Sobre as suas alegadas novas funções como assessora de imprensa da AJAP, afirmou que ainda está a decidir se aceita o cargo ou não. “Se decidir aceitar, vou pedir para ‘cancelar’ a carteira [de jornalista]”, disse. No entanto, pouco depois deste telefonema de Sara Pelicano, o PÁGINA UM confirmou directamente com o director-geral da associação, Firmino Cordeiro, que a AJAP indica a jornalista como sendo a sua nova assessora de imprensa.

Já após estes contactos, ao início da noite desta sexta-feira, Sara Pelicano comunicou por SMS que não tinha autorizado nenhuma “entrevista” por telefone e que as suas respostas não poderiam ser utilizadas para “fins jornalísticos”. Isto apesar de ter sido a própria Sara Pelicano a telefonar à jornalista do PÁGINA UM, que se identificou sempre como tal, para responder às questões enviadas por e-mail. E na conversa telefónica, Sara Pelicano chegou a perguntar se o jornal ainda precisava de respostas por escrito. Foi-lhe dito que as respostas já estavam dadas.

Um artigo de Sara Pelicano sobre bioprodutos florestais valeu à jornalista um prémio patrocinado pela associação de empresas da “bioindústria”, a Biond (ex-CELPA).
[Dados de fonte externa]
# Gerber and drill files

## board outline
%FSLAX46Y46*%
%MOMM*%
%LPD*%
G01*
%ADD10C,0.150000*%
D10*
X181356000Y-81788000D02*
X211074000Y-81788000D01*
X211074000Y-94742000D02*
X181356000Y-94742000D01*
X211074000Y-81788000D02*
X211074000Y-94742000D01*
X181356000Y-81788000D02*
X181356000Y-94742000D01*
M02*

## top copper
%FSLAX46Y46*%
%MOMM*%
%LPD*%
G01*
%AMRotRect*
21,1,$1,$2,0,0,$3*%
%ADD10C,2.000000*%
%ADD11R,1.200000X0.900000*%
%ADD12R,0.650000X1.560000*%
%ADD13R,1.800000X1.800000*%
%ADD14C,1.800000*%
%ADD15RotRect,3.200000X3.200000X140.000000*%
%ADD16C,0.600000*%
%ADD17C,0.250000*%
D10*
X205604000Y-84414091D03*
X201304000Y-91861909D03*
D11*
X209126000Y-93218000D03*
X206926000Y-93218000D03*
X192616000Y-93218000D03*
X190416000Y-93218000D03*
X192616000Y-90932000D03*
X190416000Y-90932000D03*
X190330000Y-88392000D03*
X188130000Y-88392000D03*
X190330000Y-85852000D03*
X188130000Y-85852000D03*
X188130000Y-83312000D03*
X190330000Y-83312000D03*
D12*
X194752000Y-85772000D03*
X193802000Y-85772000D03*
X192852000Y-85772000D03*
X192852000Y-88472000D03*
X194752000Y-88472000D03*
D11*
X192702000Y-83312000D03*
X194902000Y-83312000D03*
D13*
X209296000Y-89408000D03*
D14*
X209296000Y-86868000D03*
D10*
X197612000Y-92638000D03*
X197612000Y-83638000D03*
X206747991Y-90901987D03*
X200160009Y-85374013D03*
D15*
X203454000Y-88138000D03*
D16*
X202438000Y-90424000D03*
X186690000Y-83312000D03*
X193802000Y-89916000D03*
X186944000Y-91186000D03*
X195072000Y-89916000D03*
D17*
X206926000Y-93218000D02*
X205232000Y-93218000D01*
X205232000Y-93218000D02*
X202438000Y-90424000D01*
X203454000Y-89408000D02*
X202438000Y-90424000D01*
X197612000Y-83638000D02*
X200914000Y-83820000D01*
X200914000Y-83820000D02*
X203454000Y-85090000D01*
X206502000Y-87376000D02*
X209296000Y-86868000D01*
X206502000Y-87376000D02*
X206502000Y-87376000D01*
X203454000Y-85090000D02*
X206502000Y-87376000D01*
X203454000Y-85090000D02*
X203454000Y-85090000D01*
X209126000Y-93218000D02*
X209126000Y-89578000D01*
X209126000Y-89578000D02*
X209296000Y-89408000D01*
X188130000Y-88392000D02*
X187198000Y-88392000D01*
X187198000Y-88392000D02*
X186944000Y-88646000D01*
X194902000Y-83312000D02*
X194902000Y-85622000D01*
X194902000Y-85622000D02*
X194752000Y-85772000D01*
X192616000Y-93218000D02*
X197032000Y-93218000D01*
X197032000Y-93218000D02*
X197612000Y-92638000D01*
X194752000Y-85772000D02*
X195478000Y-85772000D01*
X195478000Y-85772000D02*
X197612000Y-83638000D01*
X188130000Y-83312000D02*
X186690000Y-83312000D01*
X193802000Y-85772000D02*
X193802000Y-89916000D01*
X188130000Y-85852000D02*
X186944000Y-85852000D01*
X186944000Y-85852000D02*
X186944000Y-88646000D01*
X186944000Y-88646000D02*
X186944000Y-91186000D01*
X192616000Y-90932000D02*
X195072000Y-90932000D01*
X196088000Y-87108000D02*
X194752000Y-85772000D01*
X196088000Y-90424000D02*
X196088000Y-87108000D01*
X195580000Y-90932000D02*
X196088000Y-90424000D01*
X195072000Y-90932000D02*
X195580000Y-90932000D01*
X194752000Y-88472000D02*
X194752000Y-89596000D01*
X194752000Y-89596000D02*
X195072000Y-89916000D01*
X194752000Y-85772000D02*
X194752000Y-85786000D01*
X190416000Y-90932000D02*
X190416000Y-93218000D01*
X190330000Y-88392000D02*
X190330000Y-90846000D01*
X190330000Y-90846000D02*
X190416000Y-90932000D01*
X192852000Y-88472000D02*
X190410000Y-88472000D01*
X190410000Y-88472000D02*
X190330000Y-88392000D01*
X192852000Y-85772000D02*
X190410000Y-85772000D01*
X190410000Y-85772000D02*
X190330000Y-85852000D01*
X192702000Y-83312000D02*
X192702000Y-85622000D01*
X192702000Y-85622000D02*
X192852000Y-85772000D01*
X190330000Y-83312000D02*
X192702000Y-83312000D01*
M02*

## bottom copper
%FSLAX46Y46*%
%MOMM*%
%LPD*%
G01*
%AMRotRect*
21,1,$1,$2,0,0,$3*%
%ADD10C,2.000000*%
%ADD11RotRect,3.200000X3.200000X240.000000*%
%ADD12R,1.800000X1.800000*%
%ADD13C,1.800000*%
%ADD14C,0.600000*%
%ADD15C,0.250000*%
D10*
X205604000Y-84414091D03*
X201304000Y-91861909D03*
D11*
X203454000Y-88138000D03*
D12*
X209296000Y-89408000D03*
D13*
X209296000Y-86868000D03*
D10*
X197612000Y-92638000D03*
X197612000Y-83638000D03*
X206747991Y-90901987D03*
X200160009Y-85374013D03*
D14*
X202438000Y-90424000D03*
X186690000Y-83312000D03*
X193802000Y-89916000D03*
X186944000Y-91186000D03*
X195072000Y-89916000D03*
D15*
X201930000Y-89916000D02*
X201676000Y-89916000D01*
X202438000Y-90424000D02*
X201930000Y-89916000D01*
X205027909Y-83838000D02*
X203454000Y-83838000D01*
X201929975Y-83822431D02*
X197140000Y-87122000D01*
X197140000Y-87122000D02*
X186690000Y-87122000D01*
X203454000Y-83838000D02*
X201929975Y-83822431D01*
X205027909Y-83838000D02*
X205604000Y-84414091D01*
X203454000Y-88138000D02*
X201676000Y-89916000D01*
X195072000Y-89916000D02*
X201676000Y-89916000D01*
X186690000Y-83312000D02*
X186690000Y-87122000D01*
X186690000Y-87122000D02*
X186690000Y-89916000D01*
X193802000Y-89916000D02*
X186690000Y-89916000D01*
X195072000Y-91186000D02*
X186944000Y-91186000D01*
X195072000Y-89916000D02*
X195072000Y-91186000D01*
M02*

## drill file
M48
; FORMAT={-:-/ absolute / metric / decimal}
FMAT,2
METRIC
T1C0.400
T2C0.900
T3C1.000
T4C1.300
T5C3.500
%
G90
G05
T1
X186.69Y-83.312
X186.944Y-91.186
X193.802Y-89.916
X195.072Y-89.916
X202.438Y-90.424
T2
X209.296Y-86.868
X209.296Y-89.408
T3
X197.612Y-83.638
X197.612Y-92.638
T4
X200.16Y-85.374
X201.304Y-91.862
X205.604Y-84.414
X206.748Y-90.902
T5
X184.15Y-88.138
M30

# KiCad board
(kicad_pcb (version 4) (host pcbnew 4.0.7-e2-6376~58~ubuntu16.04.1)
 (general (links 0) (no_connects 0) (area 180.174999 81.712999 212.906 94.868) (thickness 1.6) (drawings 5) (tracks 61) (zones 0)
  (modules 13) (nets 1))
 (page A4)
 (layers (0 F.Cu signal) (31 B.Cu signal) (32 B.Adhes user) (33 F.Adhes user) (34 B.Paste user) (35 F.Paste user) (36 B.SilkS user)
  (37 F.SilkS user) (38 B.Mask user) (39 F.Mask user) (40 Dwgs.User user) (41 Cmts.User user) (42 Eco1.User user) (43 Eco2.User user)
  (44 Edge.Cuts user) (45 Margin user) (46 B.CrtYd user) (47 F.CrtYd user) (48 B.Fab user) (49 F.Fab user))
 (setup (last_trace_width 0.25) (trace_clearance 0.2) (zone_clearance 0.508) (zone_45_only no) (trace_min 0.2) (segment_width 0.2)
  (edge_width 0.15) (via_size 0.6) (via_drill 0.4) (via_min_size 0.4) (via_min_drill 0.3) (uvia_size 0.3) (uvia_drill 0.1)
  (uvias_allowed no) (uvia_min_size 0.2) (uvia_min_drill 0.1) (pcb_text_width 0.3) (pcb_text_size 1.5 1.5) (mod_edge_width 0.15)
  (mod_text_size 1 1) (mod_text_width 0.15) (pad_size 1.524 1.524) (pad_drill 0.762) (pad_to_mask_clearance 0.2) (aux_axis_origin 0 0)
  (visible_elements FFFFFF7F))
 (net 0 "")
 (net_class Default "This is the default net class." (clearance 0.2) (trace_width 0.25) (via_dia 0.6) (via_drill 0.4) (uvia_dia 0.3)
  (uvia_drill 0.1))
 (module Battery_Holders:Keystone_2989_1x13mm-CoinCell (layer B.Cu) (at 203.454 88.138 240)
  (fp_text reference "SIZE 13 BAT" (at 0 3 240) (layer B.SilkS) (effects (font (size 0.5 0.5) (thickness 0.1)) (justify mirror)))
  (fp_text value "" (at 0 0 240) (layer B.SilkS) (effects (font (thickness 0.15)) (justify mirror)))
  (pad 1 thru_hole circle (at -4.3 0 240) (size 2 2) (drill 1.3) (layers *.Cu *.Mask))
  (pad 1 thru_hole circle (at 4.3 0 240) (size 2 2) (drill 1.3) (layers *.Cu *.Mask))
  (pad 2 smd rect (at 0 0 240) (size 3.2 3.2) (layers B.Cu B.Mask)))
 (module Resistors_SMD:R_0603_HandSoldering (layer F.Cu) (at 208.026 93.218 180)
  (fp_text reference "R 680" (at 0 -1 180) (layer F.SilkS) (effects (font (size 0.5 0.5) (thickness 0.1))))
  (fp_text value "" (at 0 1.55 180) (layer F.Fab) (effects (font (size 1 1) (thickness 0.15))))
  (pad 1 smd rect (at -1.1 0 180) (size 1.2 0.9) (layers F.Cu F.Paste F.Mask))
  (pad 2 smd rect (at 1.1 0 180) (size 1.2 0.9) (layers F.Cu F.Paste F.Mask)))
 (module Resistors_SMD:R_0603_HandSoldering (layer F.Cu) (at 191.516 93.218 180)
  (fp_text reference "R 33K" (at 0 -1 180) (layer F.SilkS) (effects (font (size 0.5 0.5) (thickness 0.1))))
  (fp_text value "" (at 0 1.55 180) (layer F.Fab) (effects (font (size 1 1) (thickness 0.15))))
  (pad 1 smd rect (at -1.1 0 180) (size 1.2 0.9) (layers F.Cu F.Paste F.Mask))
  (pad 2 smd rect (at 1.1 0 180) (size 1.2 0.9) (layers F.Cu F.Paste F.Mask)))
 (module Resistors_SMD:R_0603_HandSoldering (layer F.Cu) (at 191.516 90.932 180)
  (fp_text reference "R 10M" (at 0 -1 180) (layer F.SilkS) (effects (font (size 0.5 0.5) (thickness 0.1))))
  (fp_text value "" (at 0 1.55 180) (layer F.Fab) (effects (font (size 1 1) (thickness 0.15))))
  (pad 1 smd rect (at -1.1 0 180) (size 1.2 0.9) (layers F.Cu F.Paste F.Mask))
  (pad 2 smd rect (at 1.1 0 180) (size 1.2 0.9) (layers F.Cu F.Paste F.Mask)))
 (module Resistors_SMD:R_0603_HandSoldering (layer F.Cu) (at 189.23 88.392 180)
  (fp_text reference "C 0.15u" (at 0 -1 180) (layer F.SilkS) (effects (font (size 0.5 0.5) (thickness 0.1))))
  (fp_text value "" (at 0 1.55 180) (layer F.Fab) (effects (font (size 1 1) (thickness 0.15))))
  (pad 1 smd rect (at -1.1 0 180) (size 1.2 0.9) (layers F.Cu F.Paste F.Mask))
  (pad 2 smd rect (at 1.1 0 180) (size 1.2 0.9) (layers F.Cu F.Paste F.Mask)))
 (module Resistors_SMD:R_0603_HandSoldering (layer F.Cu) (at 189.23 85.852 180)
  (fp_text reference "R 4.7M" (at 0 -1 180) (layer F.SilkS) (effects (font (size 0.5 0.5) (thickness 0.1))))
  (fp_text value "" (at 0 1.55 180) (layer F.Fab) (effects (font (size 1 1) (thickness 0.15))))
Ou seja, a jornalista foi premiada por um artigo que escreveu em que destaca os produtos das empresas representadas pela Biond.
/ Foto: captura de imagem do LinkedIn

A jornalista, por via destas ligações, está bem cotada no meio das associações dos sectores agrícola e agroflorestal. Aliás, recentemente, foi premiada por um artigo publicado no Agroportal sobre “Floresta: Da gestão activa no território aos novos bioprodutos de valor acrescentado“.
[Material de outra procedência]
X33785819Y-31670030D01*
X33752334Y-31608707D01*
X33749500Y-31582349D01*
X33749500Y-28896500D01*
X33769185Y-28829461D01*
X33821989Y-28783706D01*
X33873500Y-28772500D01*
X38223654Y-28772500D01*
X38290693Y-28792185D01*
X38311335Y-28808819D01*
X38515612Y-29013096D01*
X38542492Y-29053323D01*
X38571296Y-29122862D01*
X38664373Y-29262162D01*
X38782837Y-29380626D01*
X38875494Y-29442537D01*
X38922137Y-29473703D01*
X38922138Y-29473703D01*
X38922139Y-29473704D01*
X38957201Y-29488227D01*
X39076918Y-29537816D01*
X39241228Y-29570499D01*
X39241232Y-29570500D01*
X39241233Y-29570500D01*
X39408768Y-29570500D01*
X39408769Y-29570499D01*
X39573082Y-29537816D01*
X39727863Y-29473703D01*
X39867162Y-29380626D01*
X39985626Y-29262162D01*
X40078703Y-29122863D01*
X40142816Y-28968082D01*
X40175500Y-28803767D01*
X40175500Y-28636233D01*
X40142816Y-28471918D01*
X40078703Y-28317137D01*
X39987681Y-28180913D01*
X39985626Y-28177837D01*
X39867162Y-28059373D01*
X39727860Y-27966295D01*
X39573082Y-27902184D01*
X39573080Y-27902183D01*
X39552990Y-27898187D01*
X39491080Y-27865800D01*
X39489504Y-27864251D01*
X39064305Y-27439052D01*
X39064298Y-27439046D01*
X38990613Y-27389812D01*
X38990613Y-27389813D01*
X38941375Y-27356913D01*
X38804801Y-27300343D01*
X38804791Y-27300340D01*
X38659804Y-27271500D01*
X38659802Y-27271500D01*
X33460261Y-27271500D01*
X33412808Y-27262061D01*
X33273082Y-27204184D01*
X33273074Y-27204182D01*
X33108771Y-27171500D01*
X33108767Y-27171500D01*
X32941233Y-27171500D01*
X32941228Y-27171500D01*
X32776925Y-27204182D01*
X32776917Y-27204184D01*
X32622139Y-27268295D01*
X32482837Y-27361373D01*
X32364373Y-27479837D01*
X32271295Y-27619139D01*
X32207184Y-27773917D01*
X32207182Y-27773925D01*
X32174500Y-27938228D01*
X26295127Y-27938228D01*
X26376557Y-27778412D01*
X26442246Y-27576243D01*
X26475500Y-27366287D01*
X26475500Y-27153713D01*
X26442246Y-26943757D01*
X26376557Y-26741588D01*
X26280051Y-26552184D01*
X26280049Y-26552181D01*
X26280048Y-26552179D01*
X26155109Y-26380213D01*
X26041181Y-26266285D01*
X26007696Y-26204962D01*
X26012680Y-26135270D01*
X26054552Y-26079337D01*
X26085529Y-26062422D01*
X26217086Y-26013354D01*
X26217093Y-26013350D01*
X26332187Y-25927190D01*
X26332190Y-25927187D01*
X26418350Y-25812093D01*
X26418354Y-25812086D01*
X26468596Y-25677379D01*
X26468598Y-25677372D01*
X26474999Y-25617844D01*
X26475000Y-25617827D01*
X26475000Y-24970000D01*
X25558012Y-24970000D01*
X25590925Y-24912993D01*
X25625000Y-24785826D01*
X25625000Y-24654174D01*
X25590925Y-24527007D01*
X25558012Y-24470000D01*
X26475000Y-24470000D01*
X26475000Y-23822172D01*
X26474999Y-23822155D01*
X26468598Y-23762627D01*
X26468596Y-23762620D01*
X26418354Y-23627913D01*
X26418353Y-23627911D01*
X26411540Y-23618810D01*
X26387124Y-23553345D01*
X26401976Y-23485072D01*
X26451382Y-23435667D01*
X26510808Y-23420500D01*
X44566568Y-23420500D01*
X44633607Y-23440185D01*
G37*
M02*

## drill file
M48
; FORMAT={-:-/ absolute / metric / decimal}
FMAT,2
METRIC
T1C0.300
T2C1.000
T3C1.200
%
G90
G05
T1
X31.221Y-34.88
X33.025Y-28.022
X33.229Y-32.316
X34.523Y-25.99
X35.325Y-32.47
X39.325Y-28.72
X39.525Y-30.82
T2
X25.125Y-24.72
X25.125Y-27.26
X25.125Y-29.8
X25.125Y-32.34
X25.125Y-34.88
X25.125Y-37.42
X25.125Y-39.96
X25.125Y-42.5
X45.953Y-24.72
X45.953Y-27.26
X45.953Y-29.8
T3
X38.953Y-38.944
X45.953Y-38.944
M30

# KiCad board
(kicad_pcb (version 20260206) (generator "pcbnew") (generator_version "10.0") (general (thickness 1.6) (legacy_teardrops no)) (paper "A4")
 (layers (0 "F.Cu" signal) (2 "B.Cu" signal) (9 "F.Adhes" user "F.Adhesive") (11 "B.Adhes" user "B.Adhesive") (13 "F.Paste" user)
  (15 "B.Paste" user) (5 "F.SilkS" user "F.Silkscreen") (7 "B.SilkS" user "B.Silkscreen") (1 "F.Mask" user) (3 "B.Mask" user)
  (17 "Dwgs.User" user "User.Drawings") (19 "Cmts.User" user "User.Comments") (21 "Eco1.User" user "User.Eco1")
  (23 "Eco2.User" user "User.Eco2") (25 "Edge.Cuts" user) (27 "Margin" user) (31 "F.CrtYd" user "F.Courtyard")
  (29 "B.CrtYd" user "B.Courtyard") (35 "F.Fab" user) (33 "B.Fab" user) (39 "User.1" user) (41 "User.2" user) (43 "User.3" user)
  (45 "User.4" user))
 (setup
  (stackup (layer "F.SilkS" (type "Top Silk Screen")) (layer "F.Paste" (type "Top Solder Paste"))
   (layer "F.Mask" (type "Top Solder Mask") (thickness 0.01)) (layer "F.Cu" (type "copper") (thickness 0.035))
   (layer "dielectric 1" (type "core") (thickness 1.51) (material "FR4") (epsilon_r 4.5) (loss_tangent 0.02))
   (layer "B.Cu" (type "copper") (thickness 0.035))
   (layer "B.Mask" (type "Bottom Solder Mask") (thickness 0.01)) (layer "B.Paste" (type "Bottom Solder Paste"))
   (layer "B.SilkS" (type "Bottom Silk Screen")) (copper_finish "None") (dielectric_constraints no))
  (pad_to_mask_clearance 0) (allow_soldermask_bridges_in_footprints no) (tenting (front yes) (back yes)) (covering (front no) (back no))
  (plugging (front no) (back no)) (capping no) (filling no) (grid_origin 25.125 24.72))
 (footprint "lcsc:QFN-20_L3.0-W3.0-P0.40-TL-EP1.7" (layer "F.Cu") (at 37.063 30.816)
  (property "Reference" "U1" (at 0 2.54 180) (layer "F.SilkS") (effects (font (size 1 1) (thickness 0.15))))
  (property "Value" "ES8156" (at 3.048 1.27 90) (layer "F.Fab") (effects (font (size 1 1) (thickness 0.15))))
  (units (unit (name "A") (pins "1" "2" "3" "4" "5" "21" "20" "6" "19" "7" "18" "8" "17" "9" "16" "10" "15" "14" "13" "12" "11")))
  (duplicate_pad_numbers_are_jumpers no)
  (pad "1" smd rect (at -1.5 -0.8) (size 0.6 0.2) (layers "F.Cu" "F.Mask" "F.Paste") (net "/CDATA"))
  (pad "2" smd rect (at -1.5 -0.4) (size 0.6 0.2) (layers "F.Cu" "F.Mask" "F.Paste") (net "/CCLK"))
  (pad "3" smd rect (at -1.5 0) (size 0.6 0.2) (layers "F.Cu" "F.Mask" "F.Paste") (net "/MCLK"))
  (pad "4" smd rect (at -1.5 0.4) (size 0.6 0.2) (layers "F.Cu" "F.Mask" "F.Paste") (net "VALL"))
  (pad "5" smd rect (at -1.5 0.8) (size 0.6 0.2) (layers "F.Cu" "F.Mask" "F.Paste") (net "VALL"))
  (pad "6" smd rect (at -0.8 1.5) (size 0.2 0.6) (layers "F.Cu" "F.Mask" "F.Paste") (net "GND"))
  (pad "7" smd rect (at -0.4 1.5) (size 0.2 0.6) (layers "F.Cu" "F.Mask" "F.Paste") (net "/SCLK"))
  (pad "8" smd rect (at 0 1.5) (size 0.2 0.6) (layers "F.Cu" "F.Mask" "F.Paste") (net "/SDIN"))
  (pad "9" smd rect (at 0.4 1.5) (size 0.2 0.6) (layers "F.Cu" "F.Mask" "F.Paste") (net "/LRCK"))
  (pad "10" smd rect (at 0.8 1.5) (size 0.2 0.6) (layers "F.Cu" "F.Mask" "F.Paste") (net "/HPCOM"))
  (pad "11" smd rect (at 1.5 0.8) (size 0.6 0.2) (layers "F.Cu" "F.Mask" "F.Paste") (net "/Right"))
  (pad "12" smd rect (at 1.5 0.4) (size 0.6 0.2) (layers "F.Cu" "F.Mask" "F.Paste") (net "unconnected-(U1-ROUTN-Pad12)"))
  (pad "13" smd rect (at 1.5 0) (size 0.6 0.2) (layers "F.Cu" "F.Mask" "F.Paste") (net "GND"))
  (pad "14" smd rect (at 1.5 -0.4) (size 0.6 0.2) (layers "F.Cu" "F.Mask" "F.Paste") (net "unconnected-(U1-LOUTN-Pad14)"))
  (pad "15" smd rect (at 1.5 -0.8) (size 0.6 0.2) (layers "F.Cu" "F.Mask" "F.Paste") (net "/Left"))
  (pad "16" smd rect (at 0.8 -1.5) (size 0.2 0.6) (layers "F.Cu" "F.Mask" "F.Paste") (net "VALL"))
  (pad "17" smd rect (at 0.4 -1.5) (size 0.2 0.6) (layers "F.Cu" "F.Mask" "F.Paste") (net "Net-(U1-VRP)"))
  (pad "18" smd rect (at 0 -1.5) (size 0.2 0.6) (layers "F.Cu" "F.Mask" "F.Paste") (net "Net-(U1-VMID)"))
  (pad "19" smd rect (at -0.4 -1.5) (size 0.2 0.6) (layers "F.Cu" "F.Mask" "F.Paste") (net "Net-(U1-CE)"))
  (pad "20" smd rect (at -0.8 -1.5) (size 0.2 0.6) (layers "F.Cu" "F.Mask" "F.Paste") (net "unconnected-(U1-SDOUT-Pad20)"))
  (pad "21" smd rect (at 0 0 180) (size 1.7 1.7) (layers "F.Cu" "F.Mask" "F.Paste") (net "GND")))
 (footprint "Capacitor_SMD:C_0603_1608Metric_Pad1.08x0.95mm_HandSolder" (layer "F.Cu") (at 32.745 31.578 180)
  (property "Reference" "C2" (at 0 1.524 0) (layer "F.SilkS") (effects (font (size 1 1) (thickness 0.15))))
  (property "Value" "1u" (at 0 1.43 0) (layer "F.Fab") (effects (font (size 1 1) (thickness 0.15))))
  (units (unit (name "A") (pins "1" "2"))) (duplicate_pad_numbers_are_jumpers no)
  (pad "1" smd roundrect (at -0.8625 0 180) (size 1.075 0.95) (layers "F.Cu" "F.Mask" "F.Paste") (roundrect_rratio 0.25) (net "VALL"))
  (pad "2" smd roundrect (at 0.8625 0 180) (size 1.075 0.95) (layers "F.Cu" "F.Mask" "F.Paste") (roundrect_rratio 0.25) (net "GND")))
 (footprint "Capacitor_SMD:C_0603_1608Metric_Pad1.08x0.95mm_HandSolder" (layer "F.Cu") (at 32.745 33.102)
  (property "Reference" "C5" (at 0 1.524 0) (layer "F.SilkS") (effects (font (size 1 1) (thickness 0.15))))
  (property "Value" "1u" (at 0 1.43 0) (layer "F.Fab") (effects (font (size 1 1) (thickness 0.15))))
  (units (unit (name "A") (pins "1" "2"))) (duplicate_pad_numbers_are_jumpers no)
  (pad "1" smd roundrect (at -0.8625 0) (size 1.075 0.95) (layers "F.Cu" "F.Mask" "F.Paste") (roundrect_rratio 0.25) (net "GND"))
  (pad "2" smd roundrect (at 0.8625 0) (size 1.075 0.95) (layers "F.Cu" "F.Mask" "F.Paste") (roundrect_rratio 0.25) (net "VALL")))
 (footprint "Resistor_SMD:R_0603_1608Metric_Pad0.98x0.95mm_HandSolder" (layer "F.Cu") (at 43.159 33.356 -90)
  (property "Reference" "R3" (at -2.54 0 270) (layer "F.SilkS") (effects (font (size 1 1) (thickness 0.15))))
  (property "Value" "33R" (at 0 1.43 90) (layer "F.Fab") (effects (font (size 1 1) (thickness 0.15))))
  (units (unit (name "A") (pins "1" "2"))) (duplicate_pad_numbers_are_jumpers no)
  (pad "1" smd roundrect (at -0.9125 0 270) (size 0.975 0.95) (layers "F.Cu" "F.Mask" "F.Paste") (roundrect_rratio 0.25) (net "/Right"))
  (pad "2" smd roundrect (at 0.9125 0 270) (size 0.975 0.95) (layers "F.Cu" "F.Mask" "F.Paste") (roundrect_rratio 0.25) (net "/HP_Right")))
O prémio foi patrocinado pela Biond (ex-CELPA), associação que reúne os gigantes do sector da celulose e do papel, como a Altri, a Navigator e a Renova. A Biond apresenta-se como sendo representativa da “bioindústria” em Portugal, que produz e vende “bioprodutos”, mesmo se continua a ser um dos sectores industriais mais poluentes, de acordo com o Registo de Emissões e Transferência de Poluentes gerido pela Agência Portuguesa do Ambiente. As questões da poluição das fábricas de celulose não constam do artigo premiado de Sara Pelicano com o patrocínio da Biond, que promoveu o texto no seu site.